Required action: Once the line holding "X151.55Y-103.16" is found in the listing below, write it out and each later line exactly, up to and including the one holding "(fp_line (start -1.825".

Entries provided:
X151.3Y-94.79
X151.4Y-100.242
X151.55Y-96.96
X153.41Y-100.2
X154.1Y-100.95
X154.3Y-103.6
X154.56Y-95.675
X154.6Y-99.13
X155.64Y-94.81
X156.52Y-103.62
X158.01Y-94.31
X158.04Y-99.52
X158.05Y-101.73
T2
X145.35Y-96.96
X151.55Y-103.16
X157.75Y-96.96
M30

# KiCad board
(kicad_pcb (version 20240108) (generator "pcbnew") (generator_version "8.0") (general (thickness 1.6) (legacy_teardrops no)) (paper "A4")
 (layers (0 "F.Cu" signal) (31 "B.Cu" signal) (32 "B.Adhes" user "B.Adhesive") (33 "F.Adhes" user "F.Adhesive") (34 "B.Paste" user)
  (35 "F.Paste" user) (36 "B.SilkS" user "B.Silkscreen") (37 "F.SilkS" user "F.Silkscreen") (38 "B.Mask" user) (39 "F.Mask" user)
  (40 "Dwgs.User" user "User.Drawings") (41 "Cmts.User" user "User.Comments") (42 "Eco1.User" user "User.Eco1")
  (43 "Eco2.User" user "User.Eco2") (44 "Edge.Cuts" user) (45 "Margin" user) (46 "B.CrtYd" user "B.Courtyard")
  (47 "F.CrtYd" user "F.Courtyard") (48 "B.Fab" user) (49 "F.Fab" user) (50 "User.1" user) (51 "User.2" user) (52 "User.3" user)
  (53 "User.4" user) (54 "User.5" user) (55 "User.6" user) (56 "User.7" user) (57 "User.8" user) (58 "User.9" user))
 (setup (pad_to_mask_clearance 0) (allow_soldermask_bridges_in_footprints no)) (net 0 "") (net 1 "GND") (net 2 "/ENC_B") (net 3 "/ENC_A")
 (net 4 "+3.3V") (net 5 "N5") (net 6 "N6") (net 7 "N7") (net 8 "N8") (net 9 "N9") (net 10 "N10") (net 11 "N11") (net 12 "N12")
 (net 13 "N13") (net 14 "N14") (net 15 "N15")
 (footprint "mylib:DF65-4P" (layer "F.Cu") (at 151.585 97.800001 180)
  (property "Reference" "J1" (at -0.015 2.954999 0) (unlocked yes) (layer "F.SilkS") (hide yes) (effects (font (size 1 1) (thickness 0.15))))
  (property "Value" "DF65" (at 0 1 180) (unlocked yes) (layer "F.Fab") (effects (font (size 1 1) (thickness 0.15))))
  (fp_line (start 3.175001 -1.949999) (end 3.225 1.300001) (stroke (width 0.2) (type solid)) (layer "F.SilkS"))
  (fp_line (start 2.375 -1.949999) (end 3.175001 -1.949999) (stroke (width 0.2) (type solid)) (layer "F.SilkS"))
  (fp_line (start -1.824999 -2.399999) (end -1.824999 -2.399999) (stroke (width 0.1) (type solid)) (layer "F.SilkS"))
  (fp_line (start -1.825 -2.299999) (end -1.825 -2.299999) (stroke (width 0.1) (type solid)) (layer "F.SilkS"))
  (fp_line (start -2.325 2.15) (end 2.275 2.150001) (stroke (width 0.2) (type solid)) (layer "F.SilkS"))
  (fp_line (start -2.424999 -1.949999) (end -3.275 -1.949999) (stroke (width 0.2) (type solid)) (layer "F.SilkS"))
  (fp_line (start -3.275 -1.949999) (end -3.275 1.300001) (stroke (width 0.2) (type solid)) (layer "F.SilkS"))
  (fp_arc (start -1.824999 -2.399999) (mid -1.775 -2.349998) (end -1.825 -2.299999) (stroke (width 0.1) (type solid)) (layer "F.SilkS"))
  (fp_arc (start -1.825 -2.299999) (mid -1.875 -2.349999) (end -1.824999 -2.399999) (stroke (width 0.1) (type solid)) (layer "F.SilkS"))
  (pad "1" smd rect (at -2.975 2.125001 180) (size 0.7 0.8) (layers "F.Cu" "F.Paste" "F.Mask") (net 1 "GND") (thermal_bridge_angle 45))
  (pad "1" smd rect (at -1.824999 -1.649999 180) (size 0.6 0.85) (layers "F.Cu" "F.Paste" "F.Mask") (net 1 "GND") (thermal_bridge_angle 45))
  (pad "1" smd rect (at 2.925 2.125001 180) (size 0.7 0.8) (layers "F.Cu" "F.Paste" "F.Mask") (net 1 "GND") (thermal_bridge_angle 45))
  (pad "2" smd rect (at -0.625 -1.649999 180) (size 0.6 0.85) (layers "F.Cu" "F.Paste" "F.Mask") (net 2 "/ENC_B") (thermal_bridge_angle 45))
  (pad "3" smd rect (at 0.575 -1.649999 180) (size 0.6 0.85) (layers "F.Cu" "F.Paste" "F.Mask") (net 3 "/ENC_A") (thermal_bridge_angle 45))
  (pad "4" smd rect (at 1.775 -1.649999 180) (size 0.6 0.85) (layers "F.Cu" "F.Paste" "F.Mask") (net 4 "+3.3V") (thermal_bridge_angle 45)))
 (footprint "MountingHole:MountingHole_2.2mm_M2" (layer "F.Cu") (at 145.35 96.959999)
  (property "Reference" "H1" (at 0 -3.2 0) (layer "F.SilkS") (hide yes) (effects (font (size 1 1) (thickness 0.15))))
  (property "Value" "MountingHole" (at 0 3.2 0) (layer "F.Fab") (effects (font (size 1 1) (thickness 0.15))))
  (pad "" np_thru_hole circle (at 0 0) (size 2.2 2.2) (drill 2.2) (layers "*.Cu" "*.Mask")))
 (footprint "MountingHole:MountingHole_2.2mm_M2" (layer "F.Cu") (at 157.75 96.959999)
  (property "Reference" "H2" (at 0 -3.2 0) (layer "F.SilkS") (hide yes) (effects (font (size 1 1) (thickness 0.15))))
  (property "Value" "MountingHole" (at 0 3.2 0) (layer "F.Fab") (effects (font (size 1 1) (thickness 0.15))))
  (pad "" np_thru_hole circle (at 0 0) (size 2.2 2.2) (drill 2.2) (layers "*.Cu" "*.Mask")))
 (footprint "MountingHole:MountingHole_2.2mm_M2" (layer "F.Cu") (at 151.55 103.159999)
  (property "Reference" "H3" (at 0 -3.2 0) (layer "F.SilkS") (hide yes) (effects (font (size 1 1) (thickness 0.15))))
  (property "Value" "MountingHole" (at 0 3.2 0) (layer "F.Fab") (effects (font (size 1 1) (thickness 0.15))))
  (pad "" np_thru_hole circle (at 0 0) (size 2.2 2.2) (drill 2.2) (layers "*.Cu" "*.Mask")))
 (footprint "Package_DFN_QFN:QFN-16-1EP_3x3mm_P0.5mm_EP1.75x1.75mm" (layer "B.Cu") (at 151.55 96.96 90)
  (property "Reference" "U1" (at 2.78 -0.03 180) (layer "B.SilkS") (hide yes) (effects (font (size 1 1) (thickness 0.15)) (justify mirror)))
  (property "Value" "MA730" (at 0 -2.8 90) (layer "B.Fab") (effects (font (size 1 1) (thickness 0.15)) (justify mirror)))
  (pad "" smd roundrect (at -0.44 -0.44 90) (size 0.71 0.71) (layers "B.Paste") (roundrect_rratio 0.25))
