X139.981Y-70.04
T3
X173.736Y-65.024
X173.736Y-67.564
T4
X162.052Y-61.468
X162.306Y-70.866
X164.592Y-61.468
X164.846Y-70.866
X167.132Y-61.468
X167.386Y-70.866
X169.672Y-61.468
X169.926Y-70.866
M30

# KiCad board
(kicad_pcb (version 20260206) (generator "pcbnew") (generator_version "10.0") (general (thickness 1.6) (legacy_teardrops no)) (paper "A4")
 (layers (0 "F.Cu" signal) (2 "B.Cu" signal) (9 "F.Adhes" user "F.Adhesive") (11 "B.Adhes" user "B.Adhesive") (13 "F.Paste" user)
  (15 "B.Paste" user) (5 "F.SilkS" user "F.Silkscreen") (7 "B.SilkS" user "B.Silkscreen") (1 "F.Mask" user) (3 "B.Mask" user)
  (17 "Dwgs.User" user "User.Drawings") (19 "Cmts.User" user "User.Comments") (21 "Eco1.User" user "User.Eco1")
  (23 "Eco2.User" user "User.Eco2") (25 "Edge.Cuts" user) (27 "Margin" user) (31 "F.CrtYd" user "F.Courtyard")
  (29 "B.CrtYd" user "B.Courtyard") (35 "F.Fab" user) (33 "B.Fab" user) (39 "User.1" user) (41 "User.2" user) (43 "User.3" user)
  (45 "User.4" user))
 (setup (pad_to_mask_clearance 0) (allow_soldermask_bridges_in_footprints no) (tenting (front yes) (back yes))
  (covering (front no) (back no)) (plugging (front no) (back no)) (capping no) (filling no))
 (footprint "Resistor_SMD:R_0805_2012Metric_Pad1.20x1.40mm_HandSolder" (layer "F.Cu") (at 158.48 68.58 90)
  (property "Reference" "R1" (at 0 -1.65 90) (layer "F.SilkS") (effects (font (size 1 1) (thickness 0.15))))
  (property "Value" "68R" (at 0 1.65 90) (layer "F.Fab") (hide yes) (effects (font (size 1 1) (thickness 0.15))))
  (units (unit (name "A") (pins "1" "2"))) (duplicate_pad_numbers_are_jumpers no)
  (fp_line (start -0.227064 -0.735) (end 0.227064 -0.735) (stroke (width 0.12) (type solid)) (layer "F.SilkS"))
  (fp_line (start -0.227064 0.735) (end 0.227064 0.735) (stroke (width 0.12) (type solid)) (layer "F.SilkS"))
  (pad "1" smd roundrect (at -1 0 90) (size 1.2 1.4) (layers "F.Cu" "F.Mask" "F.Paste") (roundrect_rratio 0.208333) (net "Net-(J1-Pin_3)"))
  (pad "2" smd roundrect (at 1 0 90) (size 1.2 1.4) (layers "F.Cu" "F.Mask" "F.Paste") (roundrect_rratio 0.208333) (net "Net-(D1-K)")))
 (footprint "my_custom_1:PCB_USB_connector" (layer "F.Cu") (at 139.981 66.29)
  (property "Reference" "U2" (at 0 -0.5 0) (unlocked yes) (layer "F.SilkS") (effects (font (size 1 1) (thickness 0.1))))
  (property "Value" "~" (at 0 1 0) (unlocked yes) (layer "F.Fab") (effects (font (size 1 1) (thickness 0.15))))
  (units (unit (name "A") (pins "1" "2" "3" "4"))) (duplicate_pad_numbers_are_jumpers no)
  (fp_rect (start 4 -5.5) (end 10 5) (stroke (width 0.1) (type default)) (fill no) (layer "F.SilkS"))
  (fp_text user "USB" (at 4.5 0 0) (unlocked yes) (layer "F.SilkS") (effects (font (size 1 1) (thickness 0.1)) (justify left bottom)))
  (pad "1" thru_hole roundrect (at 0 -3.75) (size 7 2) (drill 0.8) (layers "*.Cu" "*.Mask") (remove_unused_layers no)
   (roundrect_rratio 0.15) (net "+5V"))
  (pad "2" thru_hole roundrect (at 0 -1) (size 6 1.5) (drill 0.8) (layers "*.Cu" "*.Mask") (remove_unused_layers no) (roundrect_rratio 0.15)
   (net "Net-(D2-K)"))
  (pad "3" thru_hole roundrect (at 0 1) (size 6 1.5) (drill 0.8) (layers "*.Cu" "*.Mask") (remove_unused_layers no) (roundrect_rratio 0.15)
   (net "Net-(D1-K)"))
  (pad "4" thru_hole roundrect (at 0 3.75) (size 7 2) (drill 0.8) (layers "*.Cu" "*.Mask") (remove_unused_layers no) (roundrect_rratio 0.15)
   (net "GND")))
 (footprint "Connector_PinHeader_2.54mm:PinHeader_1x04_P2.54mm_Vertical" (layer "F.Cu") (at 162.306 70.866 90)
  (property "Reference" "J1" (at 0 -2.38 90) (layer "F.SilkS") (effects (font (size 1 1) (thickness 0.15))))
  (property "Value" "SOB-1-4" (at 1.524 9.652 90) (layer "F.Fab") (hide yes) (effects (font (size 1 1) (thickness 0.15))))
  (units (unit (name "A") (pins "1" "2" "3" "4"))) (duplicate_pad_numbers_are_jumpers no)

Exercise output:
X151.55Y-103.16
X157.75Y-96.96
M30

# KiCad board
(kicad_pcb (version 20240108) (generator "pcbnew") (generator_version "8.0") (general (thickness 1.6) (legacy_teardrops no)) (paper "A4")
 (layers (0 "F.Cu" signal) (31 "B.Cu" signal) (32 "B.Adhes" user "B.Adhesive") (33 "F.Adhes" user "F.Adhesive") (34 "B.Paste" user)
  (35 "F.Paste" user) (36 "B.SilkS" user "B.Silkscreen") (37 "F.SilkS" user "F.Silkscreen") (38 "B.Mask" user) (39 "F.Mask" user)
  (40 "Dwgs.User" user "User.Drawings") (41 "Cmts.User" user "User.Comments") (42 "Eco1.User" user "User.Eco1")
  (43 "Eco2.User" user "User.Eco2") (44 "Edge.Cuts" user) (45 "Margin" user) (46 "B.CrtYd" user "B.Courtyard")
  (47 "F.CrtYd" user "F.Courtyard") (48 "B.Fab" user) (49 "F.Fab" user) (50 "User.1" user) (51 "User.2" user) (52 "User.3" user)
  (53 "User.4" user) (54 "User.5" user) (55 "User.6" user) (56 "User.7" user) (57 "User.8" user) (58 "User.9" user))
 (setup (pad_to_mask_clearance 0) (allow_soldermask_bridges_in_footprints no)) (net 0 "") (net 1 "GND") (net 2 "/ENC_B") (net 3 "/ENC_A")
 (net 4 "+3.3V") (net 5 "N5") (net 6 "N6") (net 7 "N7") (net 8 "N8") (net 9 "N9") (net 10 "N10") (net 11 "N11") (net 12 "N12")
 (net 13 "N13") (net 14 "N14") (net 15 "N15")
 (footprint "mylib:DF65-4P" (layer "F.Cu") (at 151.585 97.800001 180)
  (property "Reference" "J1" (at -0.015 2.954999 0) (unlocked yes) (layer "F.SilkS") (hide yes) (effects (font (size 1 1) (thickness 0.15))))
  (property "Value" "DF65" (at 0 1 180) (unlocked yes) (layer "F.Fab") (effects (font (size 1 1) (thickness 0.15))))
  (fp_line (start 3.175001 -1.949999) (end 3.225 1.300001) (stroke (width 0.2) (type solid)) (layer "F.SilkS"))
  (fp_line (start 2.375 -1.949999) (end 3.175001 -1.949999) (stroke (width 0.2) (type solid)) (layer "F.SilkS"))
  (fp_line (start -1.824999 -2.399999) (end -1.824999 -2.399999) (stroke (width 0.1) (type solid)) (layer "F.SilkS"))
  (fp_line (start -1.825 -2.299999) (end -1.825 -2.299999) (stroke (width 0.1) (type solid)) (layer "F.SilkS"))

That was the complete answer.